Bug #76233 | XA prepare is logged ahead of engine prepare | ||
---|---|---|---|
Submitted: | 9 Mar 2015 20:10 | ||
Reporter: | Andrei Elkin | Email Updates: | |
Status: | Verified | Impact on me: | |
Category: | MySQL Server: Replication | Severity: | S3 (Non-critical) |
Version: | 5.7.7 | OS: | Any |
Assigned to: | CPU Architecture: | Any |
[9 Mar 2015 20:10]
Andrei Elkin
[11 Mar 2015 11:54]
Sven Sandberg
Posted by developer: The scope of this bug is to make each of XA PREPARE, XA COMMIT, and XA ROLLBACK be correctly logged and recovered in case there is a crash. The state of the binary log should agree with the state of the binary log, and this should happen automatically. There are four sub-tasks: 1. Fix the logging order of XA PREPARE as reported above. 2. Extend Previous_gtids_log_event with a field containing the list of XA identifiers of all transactions that are in xa-prepare state. 3. Implement a recovery routine for XA PREPARE. 4. Implement a recovery routine for XA COMMIT and XA ROLLBACK.
[11 Mar 2015 12:41]
Sven Sandberg
Posted by developer: Clarification of execution order: - XA PREPARE is first prepared in the engine and then written to the binary log - XA COMMIT is first written to the binary log and then committed in the engine - XA ROLLBACK is first written to the binary log and then committed in the engine XA COMMIT and XA ROLLBACK are already executed in this order.
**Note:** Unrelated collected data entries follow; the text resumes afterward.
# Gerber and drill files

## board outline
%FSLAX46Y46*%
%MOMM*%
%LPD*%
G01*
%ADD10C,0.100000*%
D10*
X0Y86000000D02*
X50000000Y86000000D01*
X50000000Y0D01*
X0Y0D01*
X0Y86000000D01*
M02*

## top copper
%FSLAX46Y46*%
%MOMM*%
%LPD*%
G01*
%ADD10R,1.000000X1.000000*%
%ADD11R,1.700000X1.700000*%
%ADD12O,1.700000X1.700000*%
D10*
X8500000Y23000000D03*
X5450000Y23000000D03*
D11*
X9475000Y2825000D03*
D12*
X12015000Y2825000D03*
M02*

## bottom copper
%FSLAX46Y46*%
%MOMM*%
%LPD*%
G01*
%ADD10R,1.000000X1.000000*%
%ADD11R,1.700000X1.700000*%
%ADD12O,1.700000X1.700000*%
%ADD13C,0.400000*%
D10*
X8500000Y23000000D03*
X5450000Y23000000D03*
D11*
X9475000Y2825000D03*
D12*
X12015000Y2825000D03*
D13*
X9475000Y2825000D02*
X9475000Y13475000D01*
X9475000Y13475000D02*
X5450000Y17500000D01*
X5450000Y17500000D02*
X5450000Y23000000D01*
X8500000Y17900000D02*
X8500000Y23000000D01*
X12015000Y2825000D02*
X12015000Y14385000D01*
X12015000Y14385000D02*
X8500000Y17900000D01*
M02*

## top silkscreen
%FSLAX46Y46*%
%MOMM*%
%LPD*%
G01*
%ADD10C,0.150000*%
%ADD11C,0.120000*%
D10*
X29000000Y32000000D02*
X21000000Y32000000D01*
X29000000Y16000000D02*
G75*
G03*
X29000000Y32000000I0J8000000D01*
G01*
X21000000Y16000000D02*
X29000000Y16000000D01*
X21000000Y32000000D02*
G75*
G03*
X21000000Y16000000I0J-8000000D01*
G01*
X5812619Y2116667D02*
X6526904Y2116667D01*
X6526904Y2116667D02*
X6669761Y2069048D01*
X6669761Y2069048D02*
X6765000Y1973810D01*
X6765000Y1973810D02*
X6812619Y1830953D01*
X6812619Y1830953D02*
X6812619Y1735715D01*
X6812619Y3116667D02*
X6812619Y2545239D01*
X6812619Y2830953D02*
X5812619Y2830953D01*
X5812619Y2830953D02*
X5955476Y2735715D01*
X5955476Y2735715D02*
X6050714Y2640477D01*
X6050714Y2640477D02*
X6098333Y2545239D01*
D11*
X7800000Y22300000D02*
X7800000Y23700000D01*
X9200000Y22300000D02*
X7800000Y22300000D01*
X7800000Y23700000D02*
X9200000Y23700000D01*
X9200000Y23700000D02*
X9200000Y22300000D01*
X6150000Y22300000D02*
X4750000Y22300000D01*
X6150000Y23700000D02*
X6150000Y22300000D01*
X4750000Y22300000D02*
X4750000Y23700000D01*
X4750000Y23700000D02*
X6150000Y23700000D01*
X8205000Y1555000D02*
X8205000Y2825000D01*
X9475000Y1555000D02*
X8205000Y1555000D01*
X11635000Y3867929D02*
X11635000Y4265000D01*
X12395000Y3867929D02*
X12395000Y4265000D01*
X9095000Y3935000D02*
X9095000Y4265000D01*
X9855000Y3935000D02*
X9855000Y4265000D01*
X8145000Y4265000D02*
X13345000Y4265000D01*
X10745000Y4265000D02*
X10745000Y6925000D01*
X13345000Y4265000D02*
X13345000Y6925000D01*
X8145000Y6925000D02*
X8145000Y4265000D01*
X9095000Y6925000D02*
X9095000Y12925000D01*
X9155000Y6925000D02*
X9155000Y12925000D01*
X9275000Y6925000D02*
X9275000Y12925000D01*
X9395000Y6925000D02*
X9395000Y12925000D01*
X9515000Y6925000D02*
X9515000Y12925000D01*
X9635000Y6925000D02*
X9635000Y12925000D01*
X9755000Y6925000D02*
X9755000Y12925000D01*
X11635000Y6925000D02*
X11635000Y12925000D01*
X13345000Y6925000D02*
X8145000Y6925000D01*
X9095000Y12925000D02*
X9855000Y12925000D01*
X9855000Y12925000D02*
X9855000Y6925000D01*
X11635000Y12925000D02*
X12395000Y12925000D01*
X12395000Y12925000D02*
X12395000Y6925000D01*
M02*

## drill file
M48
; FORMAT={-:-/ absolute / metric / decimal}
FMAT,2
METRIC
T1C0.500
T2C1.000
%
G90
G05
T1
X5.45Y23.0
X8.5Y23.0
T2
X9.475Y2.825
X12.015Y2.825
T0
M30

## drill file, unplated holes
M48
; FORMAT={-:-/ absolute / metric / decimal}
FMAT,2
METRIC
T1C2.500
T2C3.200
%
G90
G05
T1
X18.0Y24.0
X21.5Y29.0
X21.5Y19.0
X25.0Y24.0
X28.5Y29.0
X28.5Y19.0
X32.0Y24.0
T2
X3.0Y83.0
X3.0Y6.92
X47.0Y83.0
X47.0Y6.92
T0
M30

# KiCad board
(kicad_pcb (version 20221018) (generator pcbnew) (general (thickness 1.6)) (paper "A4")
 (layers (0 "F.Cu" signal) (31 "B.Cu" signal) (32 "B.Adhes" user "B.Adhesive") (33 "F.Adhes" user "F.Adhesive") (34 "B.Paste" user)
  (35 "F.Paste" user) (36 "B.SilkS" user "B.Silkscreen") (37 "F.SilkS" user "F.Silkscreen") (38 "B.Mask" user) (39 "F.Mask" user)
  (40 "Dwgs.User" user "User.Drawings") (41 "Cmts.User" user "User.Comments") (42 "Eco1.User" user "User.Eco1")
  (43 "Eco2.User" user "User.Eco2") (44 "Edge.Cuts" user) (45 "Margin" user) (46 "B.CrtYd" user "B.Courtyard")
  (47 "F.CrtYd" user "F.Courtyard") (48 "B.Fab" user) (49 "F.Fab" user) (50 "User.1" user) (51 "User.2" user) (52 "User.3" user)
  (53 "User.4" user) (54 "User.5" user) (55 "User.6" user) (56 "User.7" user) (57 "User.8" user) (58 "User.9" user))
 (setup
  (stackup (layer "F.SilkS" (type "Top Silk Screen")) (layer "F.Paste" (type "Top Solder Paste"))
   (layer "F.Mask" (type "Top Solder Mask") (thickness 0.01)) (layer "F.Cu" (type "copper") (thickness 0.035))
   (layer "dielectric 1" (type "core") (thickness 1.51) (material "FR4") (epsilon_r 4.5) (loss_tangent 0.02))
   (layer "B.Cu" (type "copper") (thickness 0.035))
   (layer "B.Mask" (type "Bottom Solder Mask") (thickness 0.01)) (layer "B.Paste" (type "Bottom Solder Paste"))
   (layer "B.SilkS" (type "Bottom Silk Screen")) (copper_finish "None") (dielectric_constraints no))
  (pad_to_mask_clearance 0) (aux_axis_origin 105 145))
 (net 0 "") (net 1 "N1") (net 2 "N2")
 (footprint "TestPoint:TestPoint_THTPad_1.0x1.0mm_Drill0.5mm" (layer "F.Cu") (at 113.5 122 90)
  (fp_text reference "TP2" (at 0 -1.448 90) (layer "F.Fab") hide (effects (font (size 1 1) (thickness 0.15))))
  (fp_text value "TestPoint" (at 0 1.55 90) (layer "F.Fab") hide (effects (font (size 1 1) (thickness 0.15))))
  (fp_line (start -0.7 -0.7) (end 0.7 -0.7) (stroke (width 0.12) (type solid)) (layer "F.SilkS"))
  (fp_line (start -0.7 0.7) (end -0.7 -0.7) (stroke (width 0.12) (type solid)) (layer "F.SilkS"))
  (fp_line (start 0.7 -0.7) (end 0.7 0.7) (stroke (width 0.12) (type solid)) (layer "F.SilkS"))
  (fp_line (start 0.7 0.7) (end -0.7 0.7) (stroke (width 0.12) (type solid)) (layer "F.SilkS"))
  (pad "1" thru_hole rect (at 0 0 90) (size 1 1) (drill 0.5) (layers "*.Cu" "*.Mask") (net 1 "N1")))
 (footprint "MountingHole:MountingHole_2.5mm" (layer "F.Cu") (at 133.5 116)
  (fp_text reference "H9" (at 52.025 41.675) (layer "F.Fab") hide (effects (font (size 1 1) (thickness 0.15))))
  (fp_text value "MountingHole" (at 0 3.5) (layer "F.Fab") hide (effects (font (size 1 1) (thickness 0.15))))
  (pad "" np_thru_hole circle (at 0 0) (size 2.5 2.5) (drill 2.5) (layers "*.Cu" "*.Mask")))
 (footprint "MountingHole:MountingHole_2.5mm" (layer "F.Cu") (at 137 121)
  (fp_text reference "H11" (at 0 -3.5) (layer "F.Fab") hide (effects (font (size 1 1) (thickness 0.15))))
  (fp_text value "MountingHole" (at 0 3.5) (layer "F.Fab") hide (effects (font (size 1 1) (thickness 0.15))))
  (pad "" np_thru_hole circle (at 0 0) (size 2.5 2.5) (drill 2.5) (layers "*.Cu" "*.Mask")))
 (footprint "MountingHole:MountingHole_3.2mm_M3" (layer "F.Cu") (at 108 138.08)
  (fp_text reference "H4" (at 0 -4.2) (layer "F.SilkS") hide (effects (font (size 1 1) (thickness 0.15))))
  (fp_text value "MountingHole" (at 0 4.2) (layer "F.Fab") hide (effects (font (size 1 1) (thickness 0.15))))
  (pad "" np_thru_hole circle (at 0 0) (size 3.2 3.2) (drill 3.2) (layers "F&B.Cu" "*.Mask") (clearance 1.6)))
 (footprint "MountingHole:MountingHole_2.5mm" (layer "F.Cu") (at 126.5 126)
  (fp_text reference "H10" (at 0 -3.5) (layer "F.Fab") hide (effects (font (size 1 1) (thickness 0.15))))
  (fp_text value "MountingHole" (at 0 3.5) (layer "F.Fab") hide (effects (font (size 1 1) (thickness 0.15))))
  (pad "" np_thru_hole circle (at 0 0) (size 2.5 2.5) (drill 2.5) (layers "*.Cu" "*.Mask")))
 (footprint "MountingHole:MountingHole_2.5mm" (layer "F.Cu") (at 133.5 126)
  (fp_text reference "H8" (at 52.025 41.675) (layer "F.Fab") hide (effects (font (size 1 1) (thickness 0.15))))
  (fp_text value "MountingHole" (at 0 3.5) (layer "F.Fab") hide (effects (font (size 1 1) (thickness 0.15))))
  (pad "" np_thru_hole circle (at 0 0) (size 2.5 2.5) (drill 2.5) (layers "*.Cu" "*.Mask")))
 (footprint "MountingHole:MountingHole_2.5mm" (layer "F.Cu") (at 130 121)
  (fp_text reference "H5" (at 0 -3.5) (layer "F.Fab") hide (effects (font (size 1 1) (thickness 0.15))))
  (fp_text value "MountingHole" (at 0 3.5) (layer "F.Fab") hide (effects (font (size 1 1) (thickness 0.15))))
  (pad "" np_thru_hole circle (at 0 0) (size 2.5 2.5) (drill 2.5) (layers "*.Cu" "*.Mask")))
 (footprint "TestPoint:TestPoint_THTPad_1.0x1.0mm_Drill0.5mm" (layer "F.Cu") (at 110.45 122 180)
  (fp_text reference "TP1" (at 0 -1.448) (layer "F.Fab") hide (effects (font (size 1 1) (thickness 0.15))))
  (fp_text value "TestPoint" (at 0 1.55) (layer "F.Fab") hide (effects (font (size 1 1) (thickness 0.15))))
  (fp_line (start -0.7 -0.7) (end 0.7 -0.7) (stroke (width 0.12) (type solid)) (layer "F.SilkS"))
  (fp_line (start -0.7 0.7) (end -0.7 -0.7) (stroke (width 0.12) (type solid)) (layer "F.SilkS"))
  (fp_line (start 0.7 -0.7) (end 0.7 0.7) (stroke (width 0.12) (type solid)) (layer "F.SilkS"))
  (fp_line (start 0.7 0.7) (end -0.7 0.7) (stroke (width 0.12) (type solid)) (layer "F.SilkS"))
  (pad "1" thru_hole rect (at 0 0 180) (size 1 1) (drill 0.5) (layers "*.Cu" "*.Mask") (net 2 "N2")))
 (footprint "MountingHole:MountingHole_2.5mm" (layer "F.Cu") (at 126.5 116)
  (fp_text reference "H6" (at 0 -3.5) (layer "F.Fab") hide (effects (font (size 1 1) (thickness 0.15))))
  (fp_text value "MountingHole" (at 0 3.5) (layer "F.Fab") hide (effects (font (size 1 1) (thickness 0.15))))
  (pad "" np_thru_hole circle (at 0 0) (size 2.5 2.5) (drill 2.5) (layers "*.Cu" "*.Mask")))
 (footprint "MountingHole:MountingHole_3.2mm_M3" (layer "F.Cu") (at 152 62)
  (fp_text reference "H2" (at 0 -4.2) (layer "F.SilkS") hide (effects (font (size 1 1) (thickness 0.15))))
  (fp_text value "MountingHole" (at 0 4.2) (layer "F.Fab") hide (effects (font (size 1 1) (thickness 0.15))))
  (pad "" np_thru_hole circle (at 0 0) (size 3.2 3.2) (drill 3.2) (layers "*.Cu" "*.Mask")))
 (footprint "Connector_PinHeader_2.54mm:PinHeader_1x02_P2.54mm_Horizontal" (layer "F.Cu") (at 114.475 142.175 90)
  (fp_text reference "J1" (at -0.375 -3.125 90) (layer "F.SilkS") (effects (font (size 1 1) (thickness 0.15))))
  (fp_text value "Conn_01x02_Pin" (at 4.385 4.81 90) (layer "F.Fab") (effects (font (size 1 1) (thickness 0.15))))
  (fp_line (start -1.27 -1.27) (end 0 -1.27) (stroke (width 0.12) (type solid)) (layer "F.SilkS"))
  (fp_line (start -1.27 0) (end -1.27 -1.27) (stroke (width 0.12) (type solid)) (layer "F.SilkS"))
We need to change XA PREPARE to execute in this order. Proposed recovery routine (pseudocode): # This recovery procedure is designed so that it works in the # following corner cases: # - there are two consecutive transactions having the same XID (this # is allowed as long as one commits before the other starts). # - there is a binlog rotation (and possibly even purge) between # XA PREPARE and XA COMMIT/XA ROLLBACK. # - a single transaction involves multiple storage engines. # set of transactions that were in prepare state when the server # stopped, according to the binary log HASH prepared_in_binlog # set of transactions that were committed in the binary log, and not # followed by a prepare of a different transaction with the same xid. HASH committed_in_binlog # set of transactions that were rolled back in the binary log, and not # followed by a prepare of a different transaction with the same xid HASH rolledback_in_binlog # set of transactions that are in prepared state in any storage engine HASH prepared_in_engine = get_prepared_from_engine() for event in binlog: if event.is_previous_gtids_log_event(): prepared_in_binlog.add(event.get_xid_set()) else if event.is_xa_prepare(): prepared_in_binlog.add(event.xid) committed_in_binlog.remove(event.xid) rolledback_in_binlog.remove(event.xid) else if event.is_xa_commit(): prepared_in_binlog.remove(event.xid) committed_in_binlog.add(event.xid) else if event.is_xa_rollback(): prepared_in_binlog.remove(event.xid) rolledback_in_binlog.add(event.xid) # recover from crash between binlog commit and engine commit HASH to_commit = intersection(committed_in_binlog, prepared_in_engine) # recover from crash between binlog rollback and engine rollback HASH to_rollback = intersection(rolledback_in_binlog, prepared_in_engine) # recover from crash between engine prepare and binlog prepare to_rollback.add(prepared_in_engine - prepared_in_binlog) rollback(to_rollback) commit(to_commit)
[28 Aug 2018 7:12]
Ze Yang
The method to fix this bug may be no enough. There’s one problem when two consecutive transactions having the same XID. If the server crashed after engine prepared of the second transaction without ‘XA-PREPARE’ binlog logged(The first transaction with same XID have been committed successfully). When the server do recovery, we would not know whether commit or rollback the prepared transaction.(With the method of bug#76233, the transaction failed executing ‘xa-prepare’ would be committed, but this is wrong). Two cases: 1、 server crash after write xa commit, but the engine not committed. XA START 'xid' WRITE_ROWS XA END 'xid' XA COMMIT 'xid' 2、After the first 'xid' committed, the server start another 'xid' transaction. the server crash after engine prepared, but the binlog not written. So the binlog is same with case 1. XA START 'xid' WRITE_ROWS XA END 'xid' XA COMMIT 'xid' The second case, the engine prepared but the binlog write nothing. So the two cases the binlog content are same, they all have 'XA COMMIT xid_1' and one prepared-only-in-engine. When server recover, the server do not know which case happened, the server do not know to commit or rollback the prepared transaction in engine. To fix this problem, I add XA_preparing_log_event before engine prepare. But this would reduce performance.
[13 Feb 2020 8:24]
Erlend Dahl
Bug#98288 xa commit crash lead mysql replication error was marked as a duplicate.